>>>>>

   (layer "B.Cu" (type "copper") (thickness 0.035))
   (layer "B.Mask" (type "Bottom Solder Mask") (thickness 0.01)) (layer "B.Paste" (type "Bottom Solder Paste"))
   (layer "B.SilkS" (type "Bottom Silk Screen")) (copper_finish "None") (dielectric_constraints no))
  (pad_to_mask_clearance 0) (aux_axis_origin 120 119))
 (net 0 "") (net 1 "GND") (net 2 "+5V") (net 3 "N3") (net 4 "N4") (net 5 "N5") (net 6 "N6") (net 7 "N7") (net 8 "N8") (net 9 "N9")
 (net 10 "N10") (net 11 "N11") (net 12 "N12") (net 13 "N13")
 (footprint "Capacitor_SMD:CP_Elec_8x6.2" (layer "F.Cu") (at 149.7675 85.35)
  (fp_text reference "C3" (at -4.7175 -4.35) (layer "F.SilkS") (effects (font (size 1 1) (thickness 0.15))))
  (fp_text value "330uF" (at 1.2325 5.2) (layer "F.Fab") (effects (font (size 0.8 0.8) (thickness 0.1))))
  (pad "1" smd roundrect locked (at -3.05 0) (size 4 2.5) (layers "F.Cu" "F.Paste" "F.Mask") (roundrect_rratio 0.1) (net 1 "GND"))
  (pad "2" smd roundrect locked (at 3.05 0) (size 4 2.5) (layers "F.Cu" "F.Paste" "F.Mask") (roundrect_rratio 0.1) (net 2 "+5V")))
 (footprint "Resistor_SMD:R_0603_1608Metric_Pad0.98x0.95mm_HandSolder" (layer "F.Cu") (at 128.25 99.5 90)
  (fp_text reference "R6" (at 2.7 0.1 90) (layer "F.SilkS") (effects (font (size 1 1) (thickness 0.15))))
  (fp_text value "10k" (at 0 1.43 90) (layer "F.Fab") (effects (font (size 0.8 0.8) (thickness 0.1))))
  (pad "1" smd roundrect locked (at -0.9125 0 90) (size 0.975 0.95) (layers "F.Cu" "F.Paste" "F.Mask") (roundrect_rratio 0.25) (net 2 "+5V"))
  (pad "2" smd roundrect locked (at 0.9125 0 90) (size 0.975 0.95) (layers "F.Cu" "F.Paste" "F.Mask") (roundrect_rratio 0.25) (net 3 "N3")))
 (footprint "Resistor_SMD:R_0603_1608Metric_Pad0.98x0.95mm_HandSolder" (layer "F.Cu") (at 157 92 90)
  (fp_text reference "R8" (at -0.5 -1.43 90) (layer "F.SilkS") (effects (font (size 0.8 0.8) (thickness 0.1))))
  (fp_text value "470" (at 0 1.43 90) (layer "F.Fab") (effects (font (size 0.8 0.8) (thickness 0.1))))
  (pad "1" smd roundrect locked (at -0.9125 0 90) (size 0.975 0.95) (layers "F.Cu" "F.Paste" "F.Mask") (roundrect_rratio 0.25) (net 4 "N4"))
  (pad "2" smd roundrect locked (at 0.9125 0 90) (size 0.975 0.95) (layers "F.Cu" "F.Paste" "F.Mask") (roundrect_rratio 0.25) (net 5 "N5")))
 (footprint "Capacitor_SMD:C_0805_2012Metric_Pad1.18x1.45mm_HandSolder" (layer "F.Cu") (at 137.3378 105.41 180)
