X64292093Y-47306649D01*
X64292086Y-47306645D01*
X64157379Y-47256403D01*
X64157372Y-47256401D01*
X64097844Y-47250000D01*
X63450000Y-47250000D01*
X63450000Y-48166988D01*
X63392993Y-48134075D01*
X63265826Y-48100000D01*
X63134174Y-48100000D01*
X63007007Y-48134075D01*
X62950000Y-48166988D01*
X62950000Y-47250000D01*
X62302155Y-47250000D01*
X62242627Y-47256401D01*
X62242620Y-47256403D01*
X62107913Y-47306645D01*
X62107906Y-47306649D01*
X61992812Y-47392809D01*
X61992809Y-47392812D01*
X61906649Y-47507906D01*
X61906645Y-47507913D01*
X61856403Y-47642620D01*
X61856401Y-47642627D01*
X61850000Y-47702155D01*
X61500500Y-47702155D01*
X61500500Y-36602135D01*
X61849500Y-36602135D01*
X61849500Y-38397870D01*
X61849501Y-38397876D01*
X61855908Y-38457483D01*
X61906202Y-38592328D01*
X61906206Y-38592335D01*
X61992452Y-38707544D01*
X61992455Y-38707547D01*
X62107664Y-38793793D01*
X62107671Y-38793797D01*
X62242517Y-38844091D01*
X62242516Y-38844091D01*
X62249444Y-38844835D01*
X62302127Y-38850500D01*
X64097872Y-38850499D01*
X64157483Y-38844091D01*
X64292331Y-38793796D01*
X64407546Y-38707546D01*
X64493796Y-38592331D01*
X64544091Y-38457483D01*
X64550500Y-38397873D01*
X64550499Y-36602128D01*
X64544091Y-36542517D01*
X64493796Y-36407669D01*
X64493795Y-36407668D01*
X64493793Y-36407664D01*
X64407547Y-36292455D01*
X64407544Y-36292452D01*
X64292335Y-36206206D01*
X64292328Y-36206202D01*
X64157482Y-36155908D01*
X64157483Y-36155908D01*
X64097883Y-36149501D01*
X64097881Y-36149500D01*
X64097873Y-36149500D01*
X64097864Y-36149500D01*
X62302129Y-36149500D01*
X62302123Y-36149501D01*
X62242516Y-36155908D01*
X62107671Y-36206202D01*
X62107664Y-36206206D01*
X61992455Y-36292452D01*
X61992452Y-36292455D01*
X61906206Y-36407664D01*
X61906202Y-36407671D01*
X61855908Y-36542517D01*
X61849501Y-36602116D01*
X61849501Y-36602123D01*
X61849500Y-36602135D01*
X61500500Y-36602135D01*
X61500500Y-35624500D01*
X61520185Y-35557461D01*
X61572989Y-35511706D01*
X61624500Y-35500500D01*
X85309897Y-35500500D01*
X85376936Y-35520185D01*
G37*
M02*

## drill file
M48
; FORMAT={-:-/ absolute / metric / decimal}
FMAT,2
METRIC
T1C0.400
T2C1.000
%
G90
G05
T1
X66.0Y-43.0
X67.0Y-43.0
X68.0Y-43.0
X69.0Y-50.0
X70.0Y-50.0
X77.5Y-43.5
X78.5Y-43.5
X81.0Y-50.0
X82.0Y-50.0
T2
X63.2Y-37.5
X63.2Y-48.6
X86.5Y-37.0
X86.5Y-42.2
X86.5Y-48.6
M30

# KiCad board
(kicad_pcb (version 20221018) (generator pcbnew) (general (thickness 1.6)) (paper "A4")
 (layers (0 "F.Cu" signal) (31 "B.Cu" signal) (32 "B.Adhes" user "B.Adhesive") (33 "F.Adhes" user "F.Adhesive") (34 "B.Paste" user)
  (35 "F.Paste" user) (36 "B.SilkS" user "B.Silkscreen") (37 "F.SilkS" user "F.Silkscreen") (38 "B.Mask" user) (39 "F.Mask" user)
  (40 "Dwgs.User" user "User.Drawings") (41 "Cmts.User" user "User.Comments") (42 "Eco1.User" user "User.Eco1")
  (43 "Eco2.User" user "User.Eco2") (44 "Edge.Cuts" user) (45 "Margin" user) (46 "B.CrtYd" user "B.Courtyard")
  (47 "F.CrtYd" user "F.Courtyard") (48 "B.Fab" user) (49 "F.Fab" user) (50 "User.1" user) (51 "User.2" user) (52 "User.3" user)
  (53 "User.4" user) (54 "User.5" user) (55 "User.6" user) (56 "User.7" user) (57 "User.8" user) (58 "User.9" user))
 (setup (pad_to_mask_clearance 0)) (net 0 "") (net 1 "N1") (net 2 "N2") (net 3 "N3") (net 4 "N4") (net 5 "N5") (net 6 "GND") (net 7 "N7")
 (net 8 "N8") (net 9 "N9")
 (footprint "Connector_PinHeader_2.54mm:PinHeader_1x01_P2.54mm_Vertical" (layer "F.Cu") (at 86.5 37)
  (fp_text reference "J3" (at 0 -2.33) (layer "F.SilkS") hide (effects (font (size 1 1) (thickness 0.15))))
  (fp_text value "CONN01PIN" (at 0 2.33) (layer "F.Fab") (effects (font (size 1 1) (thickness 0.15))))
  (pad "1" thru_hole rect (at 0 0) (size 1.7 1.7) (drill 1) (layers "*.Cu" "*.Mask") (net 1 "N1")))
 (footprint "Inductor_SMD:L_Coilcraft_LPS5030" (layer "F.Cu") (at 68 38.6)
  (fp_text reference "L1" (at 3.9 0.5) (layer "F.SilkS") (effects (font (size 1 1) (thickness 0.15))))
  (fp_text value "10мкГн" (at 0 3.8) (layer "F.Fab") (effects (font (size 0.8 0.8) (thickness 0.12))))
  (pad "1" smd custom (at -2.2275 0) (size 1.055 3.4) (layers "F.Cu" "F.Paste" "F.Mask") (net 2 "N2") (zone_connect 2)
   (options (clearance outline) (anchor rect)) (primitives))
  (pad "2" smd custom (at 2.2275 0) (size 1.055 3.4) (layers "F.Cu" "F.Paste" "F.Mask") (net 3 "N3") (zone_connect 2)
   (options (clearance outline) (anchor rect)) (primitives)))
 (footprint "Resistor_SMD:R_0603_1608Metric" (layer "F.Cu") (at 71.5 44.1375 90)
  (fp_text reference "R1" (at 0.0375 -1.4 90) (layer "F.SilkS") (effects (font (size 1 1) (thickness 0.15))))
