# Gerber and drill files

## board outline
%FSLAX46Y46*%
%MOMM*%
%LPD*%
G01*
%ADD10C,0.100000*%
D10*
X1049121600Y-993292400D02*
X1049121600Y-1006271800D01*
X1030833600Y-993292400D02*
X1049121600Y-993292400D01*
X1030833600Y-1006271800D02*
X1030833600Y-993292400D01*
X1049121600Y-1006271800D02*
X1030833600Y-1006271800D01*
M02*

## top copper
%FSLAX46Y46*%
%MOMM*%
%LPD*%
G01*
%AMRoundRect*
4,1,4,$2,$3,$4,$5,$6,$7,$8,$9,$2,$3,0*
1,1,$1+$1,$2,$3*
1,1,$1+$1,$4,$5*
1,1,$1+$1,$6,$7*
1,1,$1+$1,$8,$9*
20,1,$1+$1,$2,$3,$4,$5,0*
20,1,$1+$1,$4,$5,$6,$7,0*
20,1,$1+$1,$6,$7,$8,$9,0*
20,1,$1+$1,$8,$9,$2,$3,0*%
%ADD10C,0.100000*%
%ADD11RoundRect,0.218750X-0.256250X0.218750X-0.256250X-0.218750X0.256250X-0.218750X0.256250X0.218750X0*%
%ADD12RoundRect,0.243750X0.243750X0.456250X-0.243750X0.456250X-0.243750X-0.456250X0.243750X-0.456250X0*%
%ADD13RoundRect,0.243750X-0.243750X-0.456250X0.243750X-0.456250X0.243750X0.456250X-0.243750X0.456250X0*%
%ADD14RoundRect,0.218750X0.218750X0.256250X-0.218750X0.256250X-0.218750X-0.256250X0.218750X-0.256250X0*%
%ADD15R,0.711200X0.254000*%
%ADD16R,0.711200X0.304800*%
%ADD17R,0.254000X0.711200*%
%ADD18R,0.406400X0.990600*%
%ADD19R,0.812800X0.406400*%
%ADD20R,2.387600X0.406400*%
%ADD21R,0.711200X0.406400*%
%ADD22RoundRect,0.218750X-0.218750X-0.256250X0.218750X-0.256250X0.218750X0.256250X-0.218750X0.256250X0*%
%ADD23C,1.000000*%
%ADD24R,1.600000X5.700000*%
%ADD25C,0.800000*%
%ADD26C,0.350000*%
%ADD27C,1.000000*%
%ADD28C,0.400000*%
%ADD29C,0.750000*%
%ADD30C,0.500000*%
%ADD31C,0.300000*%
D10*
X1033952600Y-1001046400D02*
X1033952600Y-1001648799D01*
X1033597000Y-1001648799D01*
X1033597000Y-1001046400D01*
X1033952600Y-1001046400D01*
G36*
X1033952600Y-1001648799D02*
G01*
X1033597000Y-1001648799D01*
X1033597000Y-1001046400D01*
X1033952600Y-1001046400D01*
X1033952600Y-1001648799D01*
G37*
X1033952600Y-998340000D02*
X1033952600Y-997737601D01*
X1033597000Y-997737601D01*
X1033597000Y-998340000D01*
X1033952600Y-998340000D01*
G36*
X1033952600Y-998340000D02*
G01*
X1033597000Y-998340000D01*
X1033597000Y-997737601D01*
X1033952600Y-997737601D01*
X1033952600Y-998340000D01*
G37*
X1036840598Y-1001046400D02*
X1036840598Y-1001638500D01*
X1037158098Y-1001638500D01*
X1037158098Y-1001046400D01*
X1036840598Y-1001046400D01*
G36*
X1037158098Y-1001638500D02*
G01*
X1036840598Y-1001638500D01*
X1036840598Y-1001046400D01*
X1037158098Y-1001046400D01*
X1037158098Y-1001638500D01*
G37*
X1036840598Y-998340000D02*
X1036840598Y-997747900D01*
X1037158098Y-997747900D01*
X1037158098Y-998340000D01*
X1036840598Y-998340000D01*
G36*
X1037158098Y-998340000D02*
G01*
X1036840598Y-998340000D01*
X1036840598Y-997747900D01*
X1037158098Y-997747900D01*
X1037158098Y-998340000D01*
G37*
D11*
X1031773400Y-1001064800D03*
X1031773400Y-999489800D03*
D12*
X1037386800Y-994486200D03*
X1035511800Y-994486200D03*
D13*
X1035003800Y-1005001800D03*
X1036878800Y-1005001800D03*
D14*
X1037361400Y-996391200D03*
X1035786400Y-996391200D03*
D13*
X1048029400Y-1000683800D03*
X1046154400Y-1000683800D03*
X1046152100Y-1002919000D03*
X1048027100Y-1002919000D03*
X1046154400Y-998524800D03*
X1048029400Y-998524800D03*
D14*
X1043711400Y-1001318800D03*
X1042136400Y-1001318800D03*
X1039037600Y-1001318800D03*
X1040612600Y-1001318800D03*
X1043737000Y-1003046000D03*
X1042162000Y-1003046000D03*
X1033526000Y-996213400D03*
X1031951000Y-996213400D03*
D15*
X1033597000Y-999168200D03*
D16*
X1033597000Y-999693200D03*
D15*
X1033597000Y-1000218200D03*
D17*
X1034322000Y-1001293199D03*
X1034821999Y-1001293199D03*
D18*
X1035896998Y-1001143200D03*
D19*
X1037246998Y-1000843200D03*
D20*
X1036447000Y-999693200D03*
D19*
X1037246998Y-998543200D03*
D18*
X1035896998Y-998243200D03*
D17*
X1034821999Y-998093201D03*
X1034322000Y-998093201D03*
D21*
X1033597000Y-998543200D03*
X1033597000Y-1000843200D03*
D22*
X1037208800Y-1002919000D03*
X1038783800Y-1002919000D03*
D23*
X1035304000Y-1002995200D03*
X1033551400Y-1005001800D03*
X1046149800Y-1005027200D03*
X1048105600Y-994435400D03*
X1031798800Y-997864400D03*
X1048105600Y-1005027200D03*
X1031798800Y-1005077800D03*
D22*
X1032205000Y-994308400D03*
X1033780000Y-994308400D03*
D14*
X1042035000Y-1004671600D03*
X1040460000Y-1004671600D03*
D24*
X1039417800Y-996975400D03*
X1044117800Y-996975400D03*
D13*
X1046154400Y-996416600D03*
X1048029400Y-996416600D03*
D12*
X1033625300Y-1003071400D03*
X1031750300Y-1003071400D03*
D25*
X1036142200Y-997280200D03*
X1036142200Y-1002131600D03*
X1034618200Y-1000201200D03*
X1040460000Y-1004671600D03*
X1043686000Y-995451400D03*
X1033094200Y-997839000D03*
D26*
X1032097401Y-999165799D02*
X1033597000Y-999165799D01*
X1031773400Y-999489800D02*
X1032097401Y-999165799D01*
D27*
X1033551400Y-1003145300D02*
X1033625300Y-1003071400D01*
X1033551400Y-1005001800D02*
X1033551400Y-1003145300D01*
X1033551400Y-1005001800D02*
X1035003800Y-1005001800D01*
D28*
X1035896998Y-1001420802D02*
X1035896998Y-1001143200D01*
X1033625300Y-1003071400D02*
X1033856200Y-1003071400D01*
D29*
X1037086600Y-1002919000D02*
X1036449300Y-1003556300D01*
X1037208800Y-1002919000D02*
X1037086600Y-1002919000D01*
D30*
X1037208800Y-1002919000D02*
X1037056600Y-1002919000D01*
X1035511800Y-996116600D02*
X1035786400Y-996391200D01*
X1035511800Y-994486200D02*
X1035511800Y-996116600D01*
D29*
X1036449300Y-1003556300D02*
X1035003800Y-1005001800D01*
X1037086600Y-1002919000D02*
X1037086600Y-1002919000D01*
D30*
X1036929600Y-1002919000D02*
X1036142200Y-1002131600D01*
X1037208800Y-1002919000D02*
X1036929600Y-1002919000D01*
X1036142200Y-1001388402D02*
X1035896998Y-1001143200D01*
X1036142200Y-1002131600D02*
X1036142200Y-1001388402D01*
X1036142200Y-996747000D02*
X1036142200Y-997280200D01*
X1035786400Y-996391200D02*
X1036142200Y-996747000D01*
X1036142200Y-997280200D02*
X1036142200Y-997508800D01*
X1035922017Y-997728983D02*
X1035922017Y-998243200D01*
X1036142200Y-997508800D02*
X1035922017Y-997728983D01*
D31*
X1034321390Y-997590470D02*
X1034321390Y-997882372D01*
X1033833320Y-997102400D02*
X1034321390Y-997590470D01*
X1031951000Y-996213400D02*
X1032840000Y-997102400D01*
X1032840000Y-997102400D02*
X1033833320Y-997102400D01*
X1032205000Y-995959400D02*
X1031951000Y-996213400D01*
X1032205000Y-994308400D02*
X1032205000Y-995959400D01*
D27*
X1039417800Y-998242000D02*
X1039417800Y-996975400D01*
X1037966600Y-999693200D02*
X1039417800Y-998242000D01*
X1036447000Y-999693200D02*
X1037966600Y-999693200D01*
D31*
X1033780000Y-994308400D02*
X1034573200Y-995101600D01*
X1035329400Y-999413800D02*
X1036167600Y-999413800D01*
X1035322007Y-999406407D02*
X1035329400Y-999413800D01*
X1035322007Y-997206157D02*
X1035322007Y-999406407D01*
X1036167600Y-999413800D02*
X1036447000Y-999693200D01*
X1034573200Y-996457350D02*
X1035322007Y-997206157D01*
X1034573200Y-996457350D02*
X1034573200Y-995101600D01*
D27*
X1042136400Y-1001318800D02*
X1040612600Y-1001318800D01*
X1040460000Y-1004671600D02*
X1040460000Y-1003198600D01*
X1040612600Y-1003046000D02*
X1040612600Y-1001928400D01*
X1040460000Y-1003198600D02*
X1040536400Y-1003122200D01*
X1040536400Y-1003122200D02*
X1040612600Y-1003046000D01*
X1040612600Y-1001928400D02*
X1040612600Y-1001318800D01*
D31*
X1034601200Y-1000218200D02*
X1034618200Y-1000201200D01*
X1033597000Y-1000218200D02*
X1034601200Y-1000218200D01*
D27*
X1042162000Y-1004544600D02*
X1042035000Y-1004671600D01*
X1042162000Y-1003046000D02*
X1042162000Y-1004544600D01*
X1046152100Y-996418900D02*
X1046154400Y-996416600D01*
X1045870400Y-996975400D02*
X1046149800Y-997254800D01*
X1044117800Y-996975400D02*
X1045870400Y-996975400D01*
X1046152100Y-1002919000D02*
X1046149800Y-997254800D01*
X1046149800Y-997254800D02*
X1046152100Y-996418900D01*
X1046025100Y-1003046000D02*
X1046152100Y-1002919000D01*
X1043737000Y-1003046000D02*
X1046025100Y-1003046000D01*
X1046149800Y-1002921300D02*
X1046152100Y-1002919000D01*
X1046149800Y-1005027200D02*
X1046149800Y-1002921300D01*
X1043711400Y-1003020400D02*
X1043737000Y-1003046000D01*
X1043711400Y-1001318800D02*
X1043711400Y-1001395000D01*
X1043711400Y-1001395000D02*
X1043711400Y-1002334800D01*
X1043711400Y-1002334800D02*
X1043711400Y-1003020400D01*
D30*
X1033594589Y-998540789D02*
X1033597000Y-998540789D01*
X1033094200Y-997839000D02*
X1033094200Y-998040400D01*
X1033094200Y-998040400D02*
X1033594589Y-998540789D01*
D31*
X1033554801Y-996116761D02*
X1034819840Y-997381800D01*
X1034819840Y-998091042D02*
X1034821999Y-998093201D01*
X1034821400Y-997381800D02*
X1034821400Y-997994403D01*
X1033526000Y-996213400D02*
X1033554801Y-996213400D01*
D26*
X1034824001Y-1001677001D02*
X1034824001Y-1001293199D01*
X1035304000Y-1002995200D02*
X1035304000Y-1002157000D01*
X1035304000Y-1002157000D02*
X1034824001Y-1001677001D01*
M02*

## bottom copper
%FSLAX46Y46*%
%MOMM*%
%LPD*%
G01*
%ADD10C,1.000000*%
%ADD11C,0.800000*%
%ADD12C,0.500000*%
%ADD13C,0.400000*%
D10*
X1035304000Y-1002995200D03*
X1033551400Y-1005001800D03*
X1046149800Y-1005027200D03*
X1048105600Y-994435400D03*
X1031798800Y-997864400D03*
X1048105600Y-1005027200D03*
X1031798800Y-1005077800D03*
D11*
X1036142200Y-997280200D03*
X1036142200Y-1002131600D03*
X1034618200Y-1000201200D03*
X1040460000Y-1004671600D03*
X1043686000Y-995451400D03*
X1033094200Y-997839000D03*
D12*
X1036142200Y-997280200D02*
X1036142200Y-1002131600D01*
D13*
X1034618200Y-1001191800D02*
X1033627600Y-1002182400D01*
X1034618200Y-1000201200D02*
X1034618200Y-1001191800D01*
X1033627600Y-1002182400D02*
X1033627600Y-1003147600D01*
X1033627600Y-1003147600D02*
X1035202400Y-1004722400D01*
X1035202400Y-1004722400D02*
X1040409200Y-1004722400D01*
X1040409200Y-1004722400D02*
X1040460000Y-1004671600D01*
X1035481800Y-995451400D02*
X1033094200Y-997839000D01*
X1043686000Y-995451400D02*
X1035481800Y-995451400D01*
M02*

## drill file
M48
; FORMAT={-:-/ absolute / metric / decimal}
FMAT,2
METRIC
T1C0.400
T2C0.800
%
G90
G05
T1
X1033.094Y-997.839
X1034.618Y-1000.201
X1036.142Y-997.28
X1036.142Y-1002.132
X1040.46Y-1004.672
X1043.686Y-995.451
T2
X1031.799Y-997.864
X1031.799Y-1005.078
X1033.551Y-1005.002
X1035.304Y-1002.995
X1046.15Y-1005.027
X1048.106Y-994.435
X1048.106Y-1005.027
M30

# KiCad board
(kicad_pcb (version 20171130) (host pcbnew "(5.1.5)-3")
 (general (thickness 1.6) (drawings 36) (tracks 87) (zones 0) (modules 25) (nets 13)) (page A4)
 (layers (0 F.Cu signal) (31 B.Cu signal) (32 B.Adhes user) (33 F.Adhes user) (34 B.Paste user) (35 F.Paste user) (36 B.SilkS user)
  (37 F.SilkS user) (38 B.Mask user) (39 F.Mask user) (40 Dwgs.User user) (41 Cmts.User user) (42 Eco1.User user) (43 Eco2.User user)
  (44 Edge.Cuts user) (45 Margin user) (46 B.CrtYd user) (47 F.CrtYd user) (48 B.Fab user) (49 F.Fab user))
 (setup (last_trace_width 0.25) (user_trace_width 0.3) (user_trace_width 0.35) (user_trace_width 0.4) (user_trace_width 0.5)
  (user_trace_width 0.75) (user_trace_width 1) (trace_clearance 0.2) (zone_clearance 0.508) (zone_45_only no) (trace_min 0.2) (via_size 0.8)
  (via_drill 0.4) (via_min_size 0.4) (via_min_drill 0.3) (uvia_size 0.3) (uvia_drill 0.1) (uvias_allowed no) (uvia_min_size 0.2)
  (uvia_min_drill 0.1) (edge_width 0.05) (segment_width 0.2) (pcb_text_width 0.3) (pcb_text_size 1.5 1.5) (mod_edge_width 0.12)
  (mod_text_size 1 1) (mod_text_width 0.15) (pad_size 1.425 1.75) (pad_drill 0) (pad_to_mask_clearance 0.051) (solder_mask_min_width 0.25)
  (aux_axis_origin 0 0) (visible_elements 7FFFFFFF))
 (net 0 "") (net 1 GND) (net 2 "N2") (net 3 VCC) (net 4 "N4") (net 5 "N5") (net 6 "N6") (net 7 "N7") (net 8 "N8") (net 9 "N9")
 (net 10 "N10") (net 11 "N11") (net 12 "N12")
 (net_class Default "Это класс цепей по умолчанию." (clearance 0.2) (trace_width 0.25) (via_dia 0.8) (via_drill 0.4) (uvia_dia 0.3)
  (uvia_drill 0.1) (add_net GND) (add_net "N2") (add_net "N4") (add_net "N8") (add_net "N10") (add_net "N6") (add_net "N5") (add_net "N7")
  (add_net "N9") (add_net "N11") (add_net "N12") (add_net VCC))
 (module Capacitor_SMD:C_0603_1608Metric (layer F.Cu) (at 1031.7734 1000.2773 270)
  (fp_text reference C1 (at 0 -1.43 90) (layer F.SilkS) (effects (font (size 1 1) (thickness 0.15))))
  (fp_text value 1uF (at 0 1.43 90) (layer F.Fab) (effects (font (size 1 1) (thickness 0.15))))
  (pad 2 smd roundrect (at 0.7875 0 270) (size 0.875 0.95) (layers F.Cu F.Paste F.Mask) (roundrect_rratio 0.25) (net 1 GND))
  (pad 1 smd roundrect (at -0.7875 0 270) (size 0.875 0.95) (layers F.Cu F.Paste F.Mask) (roundrect_rratio 0.25) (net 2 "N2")))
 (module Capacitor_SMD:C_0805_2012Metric (layer F.Cu) (at 1036.4493 994.4862 180)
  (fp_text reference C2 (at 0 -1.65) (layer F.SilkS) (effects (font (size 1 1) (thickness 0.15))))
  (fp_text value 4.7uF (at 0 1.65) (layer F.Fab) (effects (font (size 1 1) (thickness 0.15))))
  (pad 1 smd roundrect (at -0.9375 0 180) (size 0.975 1.4) (layers F.Cu F.Paste F.Mask) (roundrect_rratio 0.25) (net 1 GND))
  (pad 2 smd roundrect (at 0.9375 0 180) (size 0.975 1.4) (layers F.Cu F.Paste F.Mask) (roundrect_rratio 0.25) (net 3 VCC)))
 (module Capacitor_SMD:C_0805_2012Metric (layer F.Cu) (at 1035.9413 1005.0018)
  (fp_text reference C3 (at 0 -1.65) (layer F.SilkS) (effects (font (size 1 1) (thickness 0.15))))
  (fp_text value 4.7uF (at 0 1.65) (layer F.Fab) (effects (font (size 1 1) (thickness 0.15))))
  (pad 1 smd roundrect (at -0.9375 0) (size 0.975 1.4) (layers F.Cu F.Paste F.Mask) (roundrect_rratio 0.25) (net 3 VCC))
  (pad 2 smd roundrect (at 0.9375 0) (size 0.975 1.4) (layers F.Cu F.Paste F.Mask) (roundrect_rratio 0.25) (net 1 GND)))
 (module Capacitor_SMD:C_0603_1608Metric (layer F.Cu) (at 1036.5739 996.3912 180)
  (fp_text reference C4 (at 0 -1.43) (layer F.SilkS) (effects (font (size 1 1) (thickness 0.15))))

<<<<<

--- Instructions for the task ---
Repeat every line of the data word for word until you have repeated the line that contains "(at 1.2325 5.2)", which is the last one to include.

--- Response for this exercise ---
   (layer "B.Cu" (type "copper") (thickness 0.035))
   (layer "B.Mask" (type "Bottom Solder Mask") (thickness 0.01)) (layer "B.Paste" (type "Bottom Solder Paste"))
   (layer "B.SilkS" (type "Bottom Silk Screen")) (copper_finish "None") (dielectric_constraints no))
  (pad_to_mask_clearance 0) (aux_axis_origin 120 119))
 (net 0 "") (net 1 "GND") (net 2 "+5V") (net 3 "N3") (net 4 "N4") (net 5 "N5") (net 6 "N6") (net 7 "N7") (net 8 "N8") (net 9 "N9")
 (net 10 "N10") (net 11 "N11") (net 12 "N12") (net 13 "N13")
 (footprint "Capacitor_SMD:CP_Elec_8x6.2" (layer "F.Cu") (at 149.7675 85.35)
  (fp_text reference "C3" (at -4.7175 -4.35) (layer "F.SilkS") (effects (font (size 1 1) (thickness 0.15))))
  (fp_text value "330uF" (at 1.2325 5.2) (layer "F.Fab") (effects (font (size 0.8 0.8) (thickness 0.1))))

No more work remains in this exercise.